SOURCE DATA —
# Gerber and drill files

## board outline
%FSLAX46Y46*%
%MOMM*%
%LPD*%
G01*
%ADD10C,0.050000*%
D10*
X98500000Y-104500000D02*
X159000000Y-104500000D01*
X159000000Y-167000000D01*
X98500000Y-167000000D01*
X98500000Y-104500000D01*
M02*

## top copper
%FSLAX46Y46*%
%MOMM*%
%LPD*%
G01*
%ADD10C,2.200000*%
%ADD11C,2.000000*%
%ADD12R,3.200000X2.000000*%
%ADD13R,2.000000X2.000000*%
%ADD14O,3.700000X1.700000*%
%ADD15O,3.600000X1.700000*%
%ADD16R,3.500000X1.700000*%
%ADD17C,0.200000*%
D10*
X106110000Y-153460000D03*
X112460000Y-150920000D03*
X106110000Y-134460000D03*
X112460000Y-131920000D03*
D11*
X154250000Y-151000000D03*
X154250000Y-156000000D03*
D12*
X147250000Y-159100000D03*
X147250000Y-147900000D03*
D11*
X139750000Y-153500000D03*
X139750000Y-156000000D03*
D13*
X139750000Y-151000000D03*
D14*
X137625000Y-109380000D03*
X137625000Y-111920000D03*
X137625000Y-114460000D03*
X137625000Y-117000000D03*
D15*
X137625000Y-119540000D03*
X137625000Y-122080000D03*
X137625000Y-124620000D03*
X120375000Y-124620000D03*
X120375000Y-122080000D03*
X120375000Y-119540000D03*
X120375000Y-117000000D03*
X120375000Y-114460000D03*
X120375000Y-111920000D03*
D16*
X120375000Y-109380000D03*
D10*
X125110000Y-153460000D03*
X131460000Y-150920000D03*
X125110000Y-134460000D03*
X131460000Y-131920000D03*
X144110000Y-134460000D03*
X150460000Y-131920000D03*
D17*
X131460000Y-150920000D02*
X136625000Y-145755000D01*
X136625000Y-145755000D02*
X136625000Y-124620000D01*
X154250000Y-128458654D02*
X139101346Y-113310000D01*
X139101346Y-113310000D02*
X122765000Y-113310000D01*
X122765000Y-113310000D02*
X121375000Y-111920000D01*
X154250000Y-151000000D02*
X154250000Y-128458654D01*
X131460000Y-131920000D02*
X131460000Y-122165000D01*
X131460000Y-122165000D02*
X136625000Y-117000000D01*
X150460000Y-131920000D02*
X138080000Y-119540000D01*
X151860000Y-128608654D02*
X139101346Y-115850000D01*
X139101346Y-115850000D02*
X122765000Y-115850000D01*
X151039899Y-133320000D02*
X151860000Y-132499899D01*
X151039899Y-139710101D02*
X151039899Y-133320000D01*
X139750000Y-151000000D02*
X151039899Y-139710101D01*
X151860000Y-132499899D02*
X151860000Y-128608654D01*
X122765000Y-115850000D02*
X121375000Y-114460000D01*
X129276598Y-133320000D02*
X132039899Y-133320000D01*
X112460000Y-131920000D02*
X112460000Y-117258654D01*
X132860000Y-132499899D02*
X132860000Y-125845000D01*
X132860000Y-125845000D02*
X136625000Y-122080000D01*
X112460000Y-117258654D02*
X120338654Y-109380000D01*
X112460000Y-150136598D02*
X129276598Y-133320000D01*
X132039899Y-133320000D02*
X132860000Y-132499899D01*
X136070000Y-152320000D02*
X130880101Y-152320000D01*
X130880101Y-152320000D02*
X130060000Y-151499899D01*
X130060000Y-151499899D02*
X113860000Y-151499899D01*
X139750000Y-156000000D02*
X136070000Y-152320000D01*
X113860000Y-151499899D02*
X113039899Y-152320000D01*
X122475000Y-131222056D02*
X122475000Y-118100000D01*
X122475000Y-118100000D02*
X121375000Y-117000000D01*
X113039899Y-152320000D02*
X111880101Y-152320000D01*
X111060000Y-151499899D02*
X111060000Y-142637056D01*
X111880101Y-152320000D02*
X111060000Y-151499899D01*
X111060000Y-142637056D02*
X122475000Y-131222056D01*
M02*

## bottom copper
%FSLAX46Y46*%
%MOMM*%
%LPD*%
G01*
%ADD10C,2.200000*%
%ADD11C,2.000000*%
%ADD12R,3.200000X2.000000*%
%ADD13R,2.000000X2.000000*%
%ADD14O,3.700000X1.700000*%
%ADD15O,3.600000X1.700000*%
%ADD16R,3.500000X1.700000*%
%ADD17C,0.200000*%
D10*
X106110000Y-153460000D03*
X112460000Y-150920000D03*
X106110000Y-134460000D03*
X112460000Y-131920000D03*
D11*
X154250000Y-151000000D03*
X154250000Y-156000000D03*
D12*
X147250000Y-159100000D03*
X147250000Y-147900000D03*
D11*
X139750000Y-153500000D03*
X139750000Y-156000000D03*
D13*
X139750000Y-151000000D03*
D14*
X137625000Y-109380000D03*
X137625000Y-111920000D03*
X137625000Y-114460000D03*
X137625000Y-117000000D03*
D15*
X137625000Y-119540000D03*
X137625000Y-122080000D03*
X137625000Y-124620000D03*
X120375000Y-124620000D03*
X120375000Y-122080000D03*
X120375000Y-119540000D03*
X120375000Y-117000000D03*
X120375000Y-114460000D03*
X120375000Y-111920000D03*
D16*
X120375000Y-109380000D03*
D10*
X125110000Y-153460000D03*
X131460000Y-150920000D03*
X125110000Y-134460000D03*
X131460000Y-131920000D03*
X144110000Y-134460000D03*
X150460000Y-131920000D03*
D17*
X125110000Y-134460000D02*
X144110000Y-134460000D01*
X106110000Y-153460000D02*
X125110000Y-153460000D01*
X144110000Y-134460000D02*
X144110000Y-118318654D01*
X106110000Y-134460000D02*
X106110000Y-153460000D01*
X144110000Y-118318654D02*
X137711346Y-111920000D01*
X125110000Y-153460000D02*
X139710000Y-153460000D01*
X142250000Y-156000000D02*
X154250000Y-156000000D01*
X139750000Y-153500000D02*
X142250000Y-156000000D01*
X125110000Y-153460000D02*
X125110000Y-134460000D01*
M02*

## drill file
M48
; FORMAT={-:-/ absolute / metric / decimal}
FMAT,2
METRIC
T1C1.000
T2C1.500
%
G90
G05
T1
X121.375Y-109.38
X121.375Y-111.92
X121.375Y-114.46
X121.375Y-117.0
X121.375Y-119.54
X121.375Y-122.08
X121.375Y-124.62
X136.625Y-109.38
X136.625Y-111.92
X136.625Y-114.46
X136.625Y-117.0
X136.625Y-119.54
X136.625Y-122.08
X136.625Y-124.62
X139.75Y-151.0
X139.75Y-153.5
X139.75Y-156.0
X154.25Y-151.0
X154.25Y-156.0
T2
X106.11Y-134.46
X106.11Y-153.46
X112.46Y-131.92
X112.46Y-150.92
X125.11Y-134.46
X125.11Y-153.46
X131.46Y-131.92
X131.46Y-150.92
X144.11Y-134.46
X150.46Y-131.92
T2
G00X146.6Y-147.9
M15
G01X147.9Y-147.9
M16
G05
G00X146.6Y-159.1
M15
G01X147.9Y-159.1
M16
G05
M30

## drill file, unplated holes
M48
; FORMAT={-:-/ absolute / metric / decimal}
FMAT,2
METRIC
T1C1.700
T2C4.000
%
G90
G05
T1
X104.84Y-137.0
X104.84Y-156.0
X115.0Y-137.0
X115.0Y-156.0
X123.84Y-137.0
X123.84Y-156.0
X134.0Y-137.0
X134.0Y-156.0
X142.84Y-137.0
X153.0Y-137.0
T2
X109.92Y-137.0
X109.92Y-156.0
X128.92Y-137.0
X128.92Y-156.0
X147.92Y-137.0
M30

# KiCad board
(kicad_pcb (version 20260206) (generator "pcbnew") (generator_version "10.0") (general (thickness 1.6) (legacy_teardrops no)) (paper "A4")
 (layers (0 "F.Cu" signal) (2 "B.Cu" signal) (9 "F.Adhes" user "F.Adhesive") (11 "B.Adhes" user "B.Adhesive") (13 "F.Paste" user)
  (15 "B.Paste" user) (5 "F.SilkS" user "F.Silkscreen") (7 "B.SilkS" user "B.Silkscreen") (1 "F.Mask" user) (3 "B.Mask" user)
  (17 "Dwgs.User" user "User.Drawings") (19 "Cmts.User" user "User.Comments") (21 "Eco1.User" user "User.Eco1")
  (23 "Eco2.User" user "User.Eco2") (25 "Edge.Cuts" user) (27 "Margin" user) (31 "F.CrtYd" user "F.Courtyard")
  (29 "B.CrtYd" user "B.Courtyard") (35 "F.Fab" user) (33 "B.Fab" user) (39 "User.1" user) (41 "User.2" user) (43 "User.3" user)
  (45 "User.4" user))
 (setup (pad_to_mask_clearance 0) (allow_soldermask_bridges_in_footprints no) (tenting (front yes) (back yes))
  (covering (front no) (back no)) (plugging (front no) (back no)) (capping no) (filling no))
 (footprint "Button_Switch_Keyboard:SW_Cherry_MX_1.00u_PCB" (layer "F.Cu") (at 112.46 150.92)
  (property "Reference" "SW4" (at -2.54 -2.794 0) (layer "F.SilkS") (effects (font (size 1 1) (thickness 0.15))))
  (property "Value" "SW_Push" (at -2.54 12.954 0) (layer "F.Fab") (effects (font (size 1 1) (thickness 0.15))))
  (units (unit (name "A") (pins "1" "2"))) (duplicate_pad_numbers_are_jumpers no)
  (pad "" np_thru_hole circle (at -7.62 5.08) (size 1.7 1.7) (drill 1.7) (layers "*.Cu" "*.Mask"))
  (pad "" np_thru_hole circle (at -2.54 5.08) (size 4 4) (drill 4) (layers "*.Cu" "*.Mask"))
  (pad "" np_thru_hole circle (at 2.54 5.08) (size 1.7 1.7) (drill 1.7) (layers "*.Cu" "*.Mask"))
  (pad "1" thru_hole circle (at 0 0) (size 2.2 2.2) (drill 1.5) (layers "*.Cu" "*.Mask") (remove_unused_layers no)
   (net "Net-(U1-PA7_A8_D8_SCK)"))
  (pad "2" thru_hole circle (at -6.35 2.54) (size 2.2 2.2) (drill 1.5) (layers "*.Cu" "*.Mask") (remove_unused_layers no)
   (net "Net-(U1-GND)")))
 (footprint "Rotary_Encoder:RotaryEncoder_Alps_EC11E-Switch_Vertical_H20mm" (layer "F.Cu") (at 139.75 151)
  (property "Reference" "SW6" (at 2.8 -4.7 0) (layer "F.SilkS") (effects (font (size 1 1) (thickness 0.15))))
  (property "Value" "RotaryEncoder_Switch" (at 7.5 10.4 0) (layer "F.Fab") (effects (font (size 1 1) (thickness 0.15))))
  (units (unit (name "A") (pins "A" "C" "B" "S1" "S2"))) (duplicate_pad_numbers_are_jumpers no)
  (pad "A" thru_hole rect (at 0 0) (size 2 2) (drill 1) (layers "*.Cu" "*.Mask") (remove_unused_layers no) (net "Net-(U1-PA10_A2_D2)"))
  (pad "B" thru_hole circle (at 0 5) (size 2 2) (drill 1) (layers "*.Cu" "*.Mask") (remove_unused_layers no) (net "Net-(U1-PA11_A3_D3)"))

INSTRUCTIONS TO FOLLOW — When the line with "X136625000Y-124620000D01*" is reached in the data above, start copying there, and copy each line exactly until the line with "X122475000Y-131222056D02*" has been copied; copy nothing else.

ANSWER BOX —
X136625000Y-124620000D01*
X154250000Y-128458654D02*
X139101346Y-113310000D01*
X139101346Y-113310000D02*
X122765000Y-113310000D01*
X122765000Y-113310000D02*
X121375000Y-111920000D01*
X154250000Y-151000000D02*
X154250000Y-128458654D01*
X131460000Y-131920000D02*
X131460000Y-122165000D01*
X131460000Y-122165000D02*
X136625000Y-117000000D01*
X150460000Y-131920000D02*
X138080000Y-119540000D01*
X151860000Y-128608654D02*
X139101346Y-115850000D01*
X139101346Y-115850000D02*
X122765000Y-115850000D01*
X151039899Y-133320000D02*
X151860000Y-132499899D01*
X151039899Y-139710101D02*
X151039899Y-133320000D01*
X139750000Y-151000000D02*
X151039899Y-139710101D01*
X151860000Y-132499899D02*
X151860000Y-128608654D01*
X122765000Y-115850000D02*
X121375000Y-114460000D01*
X129276598Y-133320000D02*
X132039899Y-133320000D01*
X112460000Y-131920000D02*
X112460000Y-117258654D01*
X132860000Y-132499899D02*
X132860000Y-125845000D01*
X132860000Y-125845000D02*
X136625000Y-122080000D01*
X112460000Y-117258654D02*
X120338654Y-109380000D01*
X112460000Y-150136598D02*
X129276598Y-133320000D01*
X132039899Y-133320000D02*
X132860000Y-132499899D01*
X136070000Y-152320000D02*
X130880101Y-152320000D01*
X130880101Y-152320000D02*
X130060000Y-151499899D01*
X130060000Y-151499899D02*
X113860000Y-151499899D01*
X139750000Y-156000000D02*
X136070000Y-152320000D01*
X113860000Y-151499899D02*
X113039899Y-152320000D01*
X122475000Y-131222056D02*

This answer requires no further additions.